What this task involves - Could you copy every line of the data that contains the word "user"?

Data for processing -
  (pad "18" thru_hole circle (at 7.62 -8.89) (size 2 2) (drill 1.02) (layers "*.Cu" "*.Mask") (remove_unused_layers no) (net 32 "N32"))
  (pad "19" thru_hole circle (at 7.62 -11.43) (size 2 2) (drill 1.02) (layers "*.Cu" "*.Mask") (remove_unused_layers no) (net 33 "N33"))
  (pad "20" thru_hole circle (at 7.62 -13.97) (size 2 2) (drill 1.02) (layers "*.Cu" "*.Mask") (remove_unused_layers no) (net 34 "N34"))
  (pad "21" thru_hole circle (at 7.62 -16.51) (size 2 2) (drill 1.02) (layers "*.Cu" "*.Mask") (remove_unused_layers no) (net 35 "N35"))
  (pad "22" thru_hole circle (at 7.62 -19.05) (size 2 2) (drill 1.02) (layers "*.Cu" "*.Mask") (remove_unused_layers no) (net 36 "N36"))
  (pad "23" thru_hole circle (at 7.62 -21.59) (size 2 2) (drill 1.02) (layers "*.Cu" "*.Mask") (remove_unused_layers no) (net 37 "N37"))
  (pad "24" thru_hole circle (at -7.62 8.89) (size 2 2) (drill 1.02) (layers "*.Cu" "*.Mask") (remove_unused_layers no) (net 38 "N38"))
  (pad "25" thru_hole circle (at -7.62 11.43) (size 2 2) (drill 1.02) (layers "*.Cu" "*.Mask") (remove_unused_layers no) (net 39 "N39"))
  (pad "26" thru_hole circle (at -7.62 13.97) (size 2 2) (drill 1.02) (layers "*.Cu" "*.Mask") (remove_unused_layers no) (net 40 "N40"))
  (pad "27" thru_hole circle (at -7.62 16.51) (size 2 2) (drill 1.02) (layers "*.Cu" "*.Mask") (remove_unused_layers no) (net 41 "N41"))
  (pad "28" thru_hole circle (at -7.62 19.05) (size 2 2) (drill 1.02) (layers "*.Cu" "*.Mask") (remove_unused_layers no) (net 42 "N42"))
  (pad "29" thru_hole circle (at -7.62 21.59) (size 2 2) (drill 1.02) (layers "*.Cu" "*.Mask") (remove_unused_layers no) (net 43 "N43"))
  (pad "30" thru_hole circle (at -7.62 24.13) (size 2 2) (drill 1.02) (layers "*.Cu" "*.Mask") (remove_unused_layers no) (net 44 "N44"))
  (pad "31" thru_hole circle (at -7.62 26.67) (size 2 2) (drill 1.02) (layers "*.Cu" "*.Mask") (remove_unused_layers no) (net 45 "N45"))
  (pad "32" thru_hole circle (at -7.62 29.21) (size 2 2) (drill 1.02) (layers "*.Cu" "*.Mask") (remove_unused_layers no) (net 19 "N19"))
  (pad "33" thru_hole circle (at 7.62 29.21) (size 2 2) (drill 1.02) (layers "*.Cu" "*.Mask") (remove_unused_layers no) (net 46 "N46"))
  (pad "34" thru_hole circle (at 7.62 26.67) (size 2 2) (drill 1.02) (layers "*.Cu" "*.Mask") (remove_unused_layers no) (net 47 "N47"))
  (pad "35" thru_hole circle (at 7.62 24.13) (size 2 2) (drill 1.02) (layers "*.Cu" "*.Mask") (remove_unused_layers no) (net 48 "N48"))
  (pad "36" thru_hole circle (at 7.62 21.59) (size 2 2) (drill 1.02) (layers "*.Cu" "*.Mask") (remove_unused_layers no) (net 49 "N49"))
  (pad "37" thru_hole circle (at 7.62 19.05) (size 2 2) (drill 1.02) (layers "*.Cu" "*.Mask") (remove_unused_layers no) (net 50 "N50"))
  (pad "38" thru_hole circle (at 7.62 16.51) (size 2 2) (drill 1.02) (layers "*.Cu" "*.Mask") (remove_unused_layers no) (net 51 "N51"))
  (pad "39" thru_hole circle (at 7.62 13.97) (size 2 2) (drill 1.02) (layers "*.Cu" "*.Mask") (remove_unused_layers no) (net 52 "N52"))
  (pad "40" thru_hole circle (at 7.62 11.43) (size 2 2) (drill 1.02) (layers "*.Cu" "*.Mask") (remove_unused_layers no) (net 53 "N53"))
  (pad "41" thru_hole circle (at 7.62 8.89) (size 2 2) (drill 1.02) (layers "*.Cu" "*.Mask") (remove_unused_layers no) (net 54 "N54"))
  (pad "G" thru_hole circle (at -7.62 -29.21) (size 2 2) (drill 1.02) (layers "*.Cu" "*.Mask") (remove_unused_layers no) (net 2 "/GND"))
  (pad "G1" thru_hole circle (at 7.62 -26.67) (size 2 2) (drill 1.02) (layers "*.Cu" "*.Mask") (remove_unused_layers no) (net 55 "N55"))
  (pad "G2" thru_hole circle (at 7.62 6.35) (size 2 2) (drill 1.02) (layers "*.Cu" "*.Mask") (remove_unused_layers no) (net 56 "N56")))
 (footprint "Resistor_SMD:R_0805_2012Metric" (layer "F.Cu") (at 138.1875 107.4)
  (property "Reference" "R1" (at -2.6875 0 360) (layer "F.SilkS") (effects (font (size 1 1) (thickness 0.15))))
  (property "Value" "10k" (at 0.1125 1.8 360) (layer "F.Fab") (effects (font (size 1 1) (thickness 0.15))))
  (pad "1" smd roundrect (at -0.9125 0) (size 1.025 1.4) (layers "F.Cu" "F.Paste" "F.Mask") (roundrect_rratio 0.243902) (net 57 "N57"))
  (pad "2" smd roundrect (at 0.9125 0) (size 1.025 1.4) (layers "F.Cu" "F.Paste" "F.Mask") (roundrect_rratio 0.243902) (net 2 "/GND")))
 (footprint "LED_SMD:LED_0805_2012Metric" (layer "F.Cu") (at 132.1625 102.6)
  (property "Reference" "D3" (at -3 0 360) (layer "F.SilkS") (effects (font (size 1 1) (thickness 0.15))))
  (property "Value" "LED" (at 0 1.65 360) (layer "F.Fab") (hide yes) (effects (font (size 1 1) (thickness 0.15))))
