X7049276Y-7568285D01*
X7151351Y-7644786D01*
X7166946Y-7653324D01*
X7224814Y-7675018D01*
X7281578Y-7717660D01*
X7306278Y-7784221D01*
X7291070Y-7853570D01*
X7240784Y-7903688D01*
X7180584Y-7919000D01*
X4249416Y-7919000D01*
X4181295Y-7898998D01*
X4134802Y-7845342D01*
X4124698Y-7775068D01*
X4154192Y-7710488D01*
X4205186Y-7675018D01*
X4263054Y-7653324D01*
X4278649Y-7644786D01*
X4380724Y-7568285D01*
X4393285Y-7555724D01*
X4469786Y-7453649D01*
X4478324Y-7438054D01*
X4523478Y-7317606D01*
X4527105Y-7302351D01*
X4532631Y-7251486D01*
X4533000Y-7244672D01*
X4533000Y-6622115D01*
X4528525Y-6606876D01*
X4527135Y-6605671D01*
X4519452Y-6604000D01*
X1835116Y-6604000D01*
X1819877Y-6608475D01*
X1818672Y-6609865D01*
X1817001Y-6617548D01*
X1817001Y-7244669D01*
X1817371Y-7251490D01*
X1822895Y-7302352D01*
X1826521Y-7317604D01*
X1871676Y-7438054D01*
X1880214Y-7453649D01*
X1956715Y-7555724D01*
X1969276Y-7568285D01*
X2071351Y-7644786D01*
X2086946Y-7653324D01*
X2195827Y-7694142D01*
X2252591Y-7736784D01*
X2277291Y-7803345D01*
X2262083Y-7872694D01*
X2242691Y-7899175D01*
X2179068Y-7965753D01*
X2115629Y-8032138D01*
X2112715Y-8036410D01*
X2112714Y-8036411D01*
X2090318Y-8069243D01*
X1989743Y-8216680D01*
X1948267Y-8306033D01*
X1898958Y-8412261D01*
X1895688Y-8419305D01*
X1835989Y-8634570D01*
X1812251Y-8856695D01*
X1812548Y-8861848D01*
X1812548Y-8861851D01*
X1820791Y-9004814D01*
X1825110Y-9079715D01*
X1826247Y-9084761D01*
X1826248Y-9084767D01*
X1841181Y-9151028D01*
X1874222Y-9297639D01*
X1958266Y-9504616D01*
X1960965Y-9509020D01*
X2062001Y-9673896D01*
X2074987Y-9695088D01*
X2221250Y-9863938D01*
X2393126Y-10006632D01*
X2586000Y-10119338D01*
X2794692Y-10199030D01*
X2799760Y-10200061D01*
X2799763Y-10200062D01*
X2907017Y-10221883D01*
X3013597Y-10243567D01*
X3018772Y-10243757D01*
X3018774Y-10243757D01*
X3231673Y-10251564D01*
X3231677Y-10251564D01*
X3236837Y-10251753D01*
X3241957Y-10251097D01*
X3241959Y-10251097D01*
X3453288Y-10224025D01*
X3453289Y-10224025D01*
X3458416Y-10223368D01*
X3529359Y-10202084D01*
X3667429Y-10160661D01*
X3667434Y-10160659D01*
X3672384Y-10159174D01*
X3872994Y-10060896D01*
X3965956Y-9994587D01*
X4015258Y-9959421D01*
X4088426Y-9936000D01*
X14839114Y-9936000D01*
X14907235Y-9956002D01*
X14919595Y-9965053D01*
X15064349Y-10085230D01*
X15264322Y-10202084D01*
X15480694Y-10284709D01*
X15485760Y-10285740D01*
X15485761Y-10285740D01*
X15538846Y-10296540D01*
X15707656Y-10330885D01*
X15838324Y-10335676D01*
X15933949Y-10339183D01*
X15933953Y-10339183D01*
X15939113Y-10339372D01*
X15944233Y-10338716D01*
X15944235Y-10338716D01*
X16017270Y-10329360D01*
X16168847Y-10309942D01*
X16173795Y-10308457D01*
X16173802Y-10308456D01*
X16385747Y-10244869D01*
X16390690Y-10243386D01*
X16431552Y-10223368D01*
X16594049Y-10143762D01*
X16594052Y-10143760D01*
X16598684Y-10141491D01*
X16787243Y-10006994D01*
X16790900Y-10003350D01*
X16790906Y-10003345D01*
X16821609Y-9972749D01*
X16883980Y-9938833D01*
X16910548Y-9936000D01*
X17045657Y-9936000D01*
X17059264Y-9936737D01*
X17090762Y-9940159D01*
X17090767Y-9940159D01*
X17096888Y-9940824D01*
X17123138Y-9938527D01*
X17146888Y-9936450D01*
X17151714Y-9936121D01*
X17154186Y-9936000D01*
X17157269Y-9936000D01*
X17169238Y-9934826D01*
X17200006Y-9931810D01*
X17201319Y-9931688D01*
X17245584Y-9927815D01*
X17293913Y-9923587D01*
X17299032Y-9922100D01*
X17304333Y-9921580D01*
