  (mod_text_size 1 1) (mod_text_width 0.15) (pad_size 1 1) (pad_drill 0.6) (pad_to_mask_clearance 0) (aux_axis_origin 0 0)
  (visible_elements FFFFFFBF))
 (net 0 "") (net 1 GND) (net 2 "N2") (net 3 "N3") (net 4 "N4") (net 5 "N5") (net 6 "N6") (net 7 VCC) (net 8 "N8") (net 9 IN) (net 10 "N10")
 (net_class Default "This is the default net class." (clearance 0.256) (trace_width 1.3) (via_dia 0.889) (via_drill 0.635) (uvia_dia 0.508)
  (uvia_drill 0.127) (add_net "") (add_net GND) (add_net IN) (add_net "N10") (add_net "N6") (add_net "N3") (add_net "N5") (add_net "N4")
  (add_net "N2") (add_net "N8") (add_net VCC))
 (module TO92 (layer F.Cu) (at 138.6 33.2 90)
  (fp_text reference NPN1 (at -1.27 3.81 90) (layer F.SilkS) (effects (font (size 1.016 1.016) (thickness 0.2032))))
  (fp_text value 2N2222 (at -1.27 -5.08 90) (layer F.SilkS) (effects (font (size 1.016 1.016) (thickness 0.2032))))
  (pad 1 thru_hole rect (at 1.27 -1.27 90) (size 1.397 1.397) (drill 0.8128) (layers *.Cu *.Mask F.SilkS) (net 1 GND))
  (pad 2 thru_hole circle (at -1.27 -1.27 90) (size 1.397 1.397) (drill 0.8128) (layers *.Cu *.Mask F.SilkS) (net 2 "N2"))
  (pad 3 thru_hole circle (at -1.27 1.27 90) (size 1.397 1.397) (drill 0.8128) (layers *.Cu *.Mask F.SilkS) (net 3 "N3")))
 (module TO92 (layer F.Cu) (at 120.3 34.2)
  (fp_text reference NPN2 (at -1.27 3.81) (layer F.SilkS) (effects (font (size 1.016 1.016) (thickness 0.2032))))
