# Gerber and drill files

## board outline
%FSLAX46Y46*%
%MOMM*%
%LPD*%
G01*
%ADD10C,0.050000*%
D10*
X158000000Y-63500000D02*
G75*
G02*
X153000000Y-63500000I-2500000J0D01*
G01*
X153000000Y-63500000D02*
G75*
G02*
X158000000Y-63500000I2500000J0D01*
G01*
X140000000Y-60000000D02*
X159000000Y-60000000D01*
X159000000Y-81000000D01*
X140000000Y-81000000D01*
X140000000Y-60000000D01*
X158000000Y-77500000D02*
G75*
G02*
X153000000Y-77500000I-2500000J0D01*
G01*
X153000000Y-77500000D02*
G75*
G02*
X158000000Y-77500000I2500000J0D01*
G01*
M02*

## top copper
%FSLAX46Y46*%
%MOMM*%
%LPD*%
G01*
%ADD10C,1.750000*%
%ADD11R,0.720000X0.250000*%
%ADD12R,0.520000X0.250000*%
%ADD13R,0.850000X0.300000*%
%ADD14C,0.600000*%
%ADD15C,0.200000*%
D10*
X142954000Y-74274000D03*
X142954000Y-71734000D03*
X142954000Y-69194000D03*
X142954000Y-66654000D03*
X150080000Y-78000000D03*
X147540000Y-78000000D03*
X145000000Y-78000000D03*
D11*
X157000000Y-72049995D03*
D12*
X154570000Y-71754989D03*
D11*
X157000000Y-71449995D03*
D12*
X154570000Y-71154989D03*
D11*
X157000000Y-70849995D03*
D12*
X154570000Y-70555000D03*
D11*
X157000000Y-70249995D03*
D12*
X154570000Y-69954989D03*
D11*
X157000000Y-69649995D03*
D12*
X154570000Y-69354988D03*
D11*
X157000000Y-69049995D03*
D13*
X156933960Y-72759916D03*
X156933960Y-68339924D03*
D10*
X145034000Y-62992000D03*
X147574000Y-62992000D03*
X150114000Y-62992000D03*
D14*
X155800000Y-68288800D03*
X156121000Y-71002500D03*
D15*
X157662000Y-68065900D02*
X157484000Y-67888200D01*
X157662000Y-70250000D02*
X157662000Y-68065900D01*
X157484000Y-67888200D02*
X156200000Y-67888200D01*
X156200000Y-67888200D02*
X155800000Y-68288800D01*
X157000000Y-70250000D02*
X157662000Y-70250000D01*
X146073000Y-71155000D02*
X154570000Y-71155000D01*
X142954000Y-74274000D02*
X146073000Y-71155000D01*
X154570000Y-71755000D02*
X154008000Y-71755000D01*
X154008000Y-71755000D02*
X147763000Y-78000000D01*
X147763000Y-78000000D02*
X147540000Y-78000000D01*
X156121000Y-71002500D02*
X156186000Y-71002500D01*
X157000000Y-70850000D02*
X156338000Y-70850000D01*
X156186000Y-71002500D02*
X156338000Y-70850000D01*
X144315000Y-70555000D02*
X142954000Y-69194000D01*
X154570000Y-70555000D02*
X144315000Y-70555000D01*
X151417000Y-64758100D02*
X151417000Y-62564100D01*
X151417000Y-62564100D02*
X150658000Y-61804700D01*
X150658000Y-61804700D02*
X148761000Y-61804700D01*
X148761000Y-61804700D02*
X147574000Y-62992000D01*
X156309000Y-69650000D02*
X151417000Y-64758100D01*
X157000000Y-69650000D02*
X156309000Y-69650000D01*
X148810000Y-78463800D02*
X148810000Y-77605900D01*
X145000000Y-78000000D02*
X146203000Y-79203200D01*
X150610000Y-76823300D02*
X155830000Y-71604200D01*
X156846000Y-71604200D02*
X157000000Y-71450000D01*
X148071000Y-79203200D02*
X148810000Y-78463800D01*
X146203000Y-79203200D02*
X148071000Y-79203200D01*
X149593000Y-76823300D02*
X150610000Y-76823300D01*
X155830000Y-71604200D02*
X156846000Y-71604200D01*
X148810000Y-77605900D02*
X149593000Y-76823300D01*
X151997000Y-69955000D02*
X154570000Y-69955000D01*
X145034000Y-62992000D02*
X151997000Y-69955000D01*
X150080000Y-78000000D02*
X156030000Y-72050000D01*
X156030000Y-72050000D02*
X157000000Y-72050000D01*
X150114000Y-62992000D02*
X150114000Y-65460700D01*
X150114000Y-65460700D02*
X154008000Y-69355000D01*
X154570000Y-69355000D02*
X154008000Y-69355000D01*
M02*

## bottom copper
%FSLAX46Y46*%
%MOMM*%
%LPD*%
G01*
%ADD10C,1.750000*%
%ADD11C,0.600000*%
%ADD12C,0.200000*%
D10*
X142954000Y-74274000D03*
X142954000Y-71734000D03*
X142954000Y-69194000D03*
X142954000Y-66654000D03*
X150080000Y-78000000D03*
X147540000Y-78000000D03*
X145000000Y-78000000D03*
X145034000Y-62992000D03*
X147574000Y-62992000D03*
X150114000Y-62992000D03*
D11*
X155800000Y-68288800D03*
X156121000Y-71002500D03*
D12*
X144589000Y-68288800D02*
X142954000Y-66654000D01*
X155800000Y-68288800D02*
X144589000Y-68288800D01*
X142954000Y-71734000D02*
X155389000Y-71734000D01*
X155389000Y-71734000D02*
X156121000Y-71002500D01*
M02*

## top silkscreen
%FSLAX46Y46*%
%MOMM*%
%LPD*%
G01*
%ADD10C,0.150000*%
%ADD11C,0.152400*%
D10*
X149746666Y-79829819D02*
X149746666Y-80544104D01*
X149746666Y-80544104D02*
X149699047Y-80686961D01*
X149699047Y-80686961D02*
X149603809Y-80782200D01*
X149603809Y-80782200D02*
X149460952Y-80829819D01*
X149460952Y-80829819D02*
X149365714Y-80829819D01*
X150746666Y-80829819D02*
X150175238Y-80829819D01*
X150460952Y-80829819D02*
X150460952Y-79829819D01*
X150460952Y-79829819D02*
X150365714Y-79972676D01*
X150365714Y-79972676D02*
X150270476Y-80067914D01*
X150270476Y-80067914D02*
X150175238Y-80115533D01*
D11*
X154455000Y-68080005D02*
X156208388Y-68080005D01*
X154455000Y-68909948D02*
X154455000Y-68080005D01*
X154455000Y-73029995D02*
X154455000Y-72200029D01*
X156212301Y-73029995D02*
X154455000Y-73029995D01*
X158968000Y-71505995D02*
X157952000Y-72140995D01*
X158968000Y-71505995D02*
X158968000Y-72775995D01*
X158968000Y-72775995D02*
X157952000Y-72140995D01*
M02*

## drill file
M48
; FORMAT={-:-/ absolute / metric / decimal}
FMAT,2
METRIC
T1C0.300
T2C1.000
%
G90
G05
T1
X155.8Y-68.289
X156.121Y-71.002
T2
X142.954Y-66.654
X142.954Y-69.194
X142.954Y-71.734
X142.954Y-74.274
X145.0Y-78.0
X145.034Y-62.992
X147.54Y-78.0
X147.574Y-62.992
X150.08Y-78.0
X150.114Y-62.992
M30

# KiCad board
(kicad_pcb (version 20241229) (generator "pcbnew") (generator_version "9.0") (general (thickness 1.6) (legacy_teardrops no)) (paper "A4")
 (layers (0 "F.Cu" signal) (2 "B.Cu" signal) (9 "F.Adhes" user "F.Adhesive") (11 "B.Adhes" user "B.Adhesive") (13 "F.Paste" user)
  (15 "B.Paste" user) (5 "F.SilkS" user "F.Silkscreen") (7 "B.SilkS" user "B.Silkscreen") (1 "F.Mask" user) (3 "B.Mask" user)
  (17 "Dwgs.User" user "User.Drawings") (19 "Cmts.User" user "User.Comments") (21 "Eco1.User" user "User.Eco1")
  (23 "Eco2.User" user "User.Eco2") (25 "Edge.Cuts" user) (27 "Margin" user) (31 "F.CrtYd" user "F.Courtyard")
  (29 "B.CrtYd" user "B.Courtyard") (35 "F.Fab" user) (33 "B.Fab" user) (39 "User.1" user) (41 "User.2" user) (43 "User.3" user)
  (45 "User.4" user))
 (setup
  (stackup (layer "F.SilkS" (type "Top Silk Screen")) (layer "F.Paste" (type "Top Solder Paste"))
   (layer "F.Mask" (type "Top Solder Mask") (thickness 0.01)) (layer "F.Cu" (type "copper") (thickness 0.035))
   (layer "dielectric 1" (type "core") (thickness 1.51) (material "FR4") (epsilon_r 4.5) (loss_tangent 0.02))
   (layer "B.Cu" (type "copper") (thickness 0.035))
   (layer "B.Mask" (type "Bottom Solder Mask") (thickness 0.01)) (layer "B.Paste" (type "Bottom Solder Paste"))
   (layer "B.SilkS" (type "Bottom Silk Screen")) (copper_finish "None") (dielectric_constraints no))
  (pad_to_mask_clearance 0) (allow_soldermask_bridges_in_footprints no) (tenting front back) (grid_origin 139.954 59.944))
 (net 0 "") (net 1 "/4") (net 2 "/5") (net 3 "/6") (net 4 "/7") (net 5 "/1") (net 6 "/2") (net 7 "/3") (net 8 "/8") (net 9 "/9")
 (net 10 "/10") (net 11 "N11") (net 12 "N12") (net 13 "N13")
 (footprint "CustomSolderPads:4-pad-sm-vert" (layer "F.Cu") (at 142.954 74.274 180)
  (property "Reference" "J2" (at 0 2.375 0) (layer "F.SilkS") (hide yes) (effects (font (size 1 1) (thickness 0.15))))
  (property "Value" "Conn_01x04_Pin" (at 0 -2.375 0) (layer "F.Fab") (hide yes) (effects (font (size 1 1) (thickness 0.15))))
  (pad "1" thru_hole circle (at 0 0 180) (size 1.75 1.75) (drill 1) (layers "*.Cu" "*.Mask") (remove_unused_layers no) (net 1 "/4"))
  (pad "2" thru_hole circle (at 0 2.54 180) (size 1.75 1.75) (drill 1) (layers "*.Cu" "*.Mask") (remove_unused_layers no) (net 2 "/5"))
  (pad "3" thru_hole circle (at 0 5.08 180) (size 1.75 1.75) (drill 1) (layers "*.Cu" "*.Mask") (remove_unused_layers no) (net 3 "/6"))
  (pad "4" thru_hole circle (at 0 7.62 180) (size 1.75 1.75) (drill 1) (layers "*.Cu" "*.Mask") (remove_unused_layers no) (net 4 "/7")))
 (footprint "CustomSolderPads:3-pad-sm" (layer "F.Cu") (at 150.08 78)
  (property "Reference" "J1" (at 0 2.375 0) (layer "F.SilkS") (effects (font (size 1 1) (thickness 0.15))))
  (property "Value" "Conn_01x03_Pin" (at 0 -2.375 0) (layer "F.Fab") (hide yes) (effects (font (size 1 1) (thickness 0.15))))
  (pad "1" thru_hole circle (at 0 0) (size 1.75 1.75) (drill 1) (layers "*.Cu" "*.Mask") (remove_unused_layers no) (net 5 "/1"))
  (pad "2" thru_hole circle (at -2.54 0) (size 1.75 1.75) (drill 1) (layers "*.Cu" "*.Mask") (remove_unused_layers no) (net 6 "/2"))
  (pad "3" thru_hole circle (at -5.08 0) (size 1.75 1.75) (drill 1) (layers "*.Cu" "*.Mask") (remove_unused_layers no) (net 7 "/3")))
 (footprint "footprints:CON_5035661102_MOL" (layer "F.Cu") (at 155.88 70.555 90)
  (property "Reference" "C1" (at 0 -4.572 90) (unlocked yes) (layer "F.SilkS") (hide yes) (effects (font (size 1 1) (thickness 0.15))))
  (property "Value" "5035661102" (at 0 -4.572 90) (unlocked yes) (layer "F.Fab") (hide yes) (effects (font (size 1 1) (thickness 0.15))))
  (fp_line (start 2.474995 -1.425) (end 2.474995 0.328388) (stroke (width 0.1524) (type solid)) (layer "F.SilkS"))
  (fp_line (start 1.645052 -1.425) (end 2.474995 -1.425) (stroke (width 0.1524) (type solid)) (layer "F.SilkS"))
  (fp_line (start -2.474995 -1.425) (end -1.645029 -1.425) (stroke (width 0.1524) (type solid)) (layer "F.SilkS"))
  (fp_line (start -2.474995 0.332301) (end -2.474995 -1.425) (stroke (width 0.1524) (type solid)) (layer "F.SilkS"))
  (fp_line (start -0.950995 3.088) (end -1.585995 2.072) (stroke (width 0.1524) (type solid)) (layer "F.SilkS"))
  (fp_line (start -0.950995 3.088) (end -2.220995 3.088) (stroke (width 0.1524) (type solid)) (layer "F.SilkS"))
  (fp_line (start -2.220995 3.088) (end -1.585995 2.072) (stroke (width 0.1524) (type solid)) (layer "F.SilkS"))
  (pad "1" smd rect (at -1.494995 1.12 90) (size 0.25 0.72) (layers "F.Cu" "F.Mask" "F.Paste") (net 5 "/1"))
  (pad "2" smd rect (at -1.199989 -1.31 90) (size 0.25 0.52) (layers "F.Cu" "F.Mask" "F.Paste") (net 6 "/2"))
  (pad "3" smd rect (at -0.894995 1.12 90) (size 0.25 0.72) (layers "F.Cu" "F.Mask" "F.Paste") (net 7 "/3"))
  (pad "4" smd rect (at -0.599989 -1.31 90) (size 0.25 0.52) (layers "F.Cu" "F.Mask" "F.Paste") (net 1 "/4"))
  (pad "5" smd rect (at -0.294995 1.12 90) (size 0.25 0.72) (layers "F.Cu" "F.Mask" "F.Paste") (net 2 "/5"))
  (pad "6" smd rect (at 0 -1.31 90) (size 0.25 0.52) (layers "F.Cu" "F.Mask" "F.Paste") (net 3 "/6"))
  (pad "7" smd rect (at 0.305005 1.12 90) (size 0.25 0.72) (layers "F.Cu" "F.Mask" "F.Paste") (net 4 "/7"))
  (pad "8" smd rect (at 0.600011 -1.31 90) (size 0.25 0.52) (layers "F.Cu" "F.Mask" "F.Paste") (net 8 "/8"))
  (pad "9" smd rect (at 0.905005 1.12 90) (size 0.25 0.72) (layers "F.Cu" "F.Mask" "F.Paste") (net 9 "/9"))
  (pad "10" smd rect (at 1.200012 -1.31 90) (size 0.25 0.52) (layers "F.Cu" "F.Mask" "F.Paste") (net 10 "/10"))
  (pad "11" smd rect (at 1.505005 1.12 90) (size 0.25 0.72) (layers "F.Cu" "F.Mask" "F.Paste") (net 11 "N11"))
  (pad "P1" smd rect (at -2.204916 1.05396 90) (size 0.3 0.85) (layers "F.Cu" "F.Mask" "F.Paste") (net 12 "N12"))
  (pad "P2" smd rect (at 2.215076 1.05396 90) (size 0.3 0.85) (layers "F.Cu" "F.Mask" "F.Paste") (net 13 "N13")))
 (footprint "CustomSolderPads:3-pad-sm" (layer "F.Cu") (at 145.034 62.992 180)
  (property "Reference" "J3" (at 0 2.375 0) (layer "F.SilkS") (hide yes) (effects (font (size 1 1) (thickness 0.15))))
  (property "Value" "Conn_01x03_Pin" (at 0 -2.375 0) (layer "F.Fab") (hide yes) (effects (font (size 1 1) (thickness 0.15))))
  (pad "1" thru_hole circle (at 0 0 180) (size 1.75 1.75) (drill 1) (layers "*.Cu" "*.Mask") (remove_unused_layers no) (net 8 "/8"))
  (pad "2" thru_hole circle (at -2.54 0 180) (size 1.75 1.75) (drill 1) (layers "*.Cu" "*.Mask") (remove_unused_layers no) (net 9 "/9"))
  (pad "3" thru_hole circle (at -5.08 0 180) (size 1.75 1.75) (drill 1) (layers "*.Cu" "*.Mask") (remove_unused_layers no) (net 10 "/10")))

The completed task -
 (layers (0 "F.Cu" signal) (2 "B.Cu" signal) (9 "F.Adhes" user "F.Adhesive") (11 "B.Adhes" user "B.Adhesive") (13 "F.Paste" user)
  (15 "B.Paste" user) (5 "F.SilkS" user "F.Silkscreen") (7 "B.SilkS" user "B.Silkscreen") (1 "F.Mask" user) (3 "B.Mask" user)
  (17 "Dwgs.User" user "User.Drawings") (19 "Cmts.User" user "User.Comments") (21 "Eco1.User" user "User.Eco1")
  (23 "Eco2.User" user "User.Eco2") (25 "Edge.Cuts" user) (27 "Margin" user) (31 "F.CrtYd" user "F.Courtyard")
  (29 "B.CrtYd" user "B.Courtyard") (35 "F.Fab" user) (33 "B.Fab" user) (39 "User.1" user) (41 "User.2" user) (43 "User.3" user)
  (45 "User.4" user))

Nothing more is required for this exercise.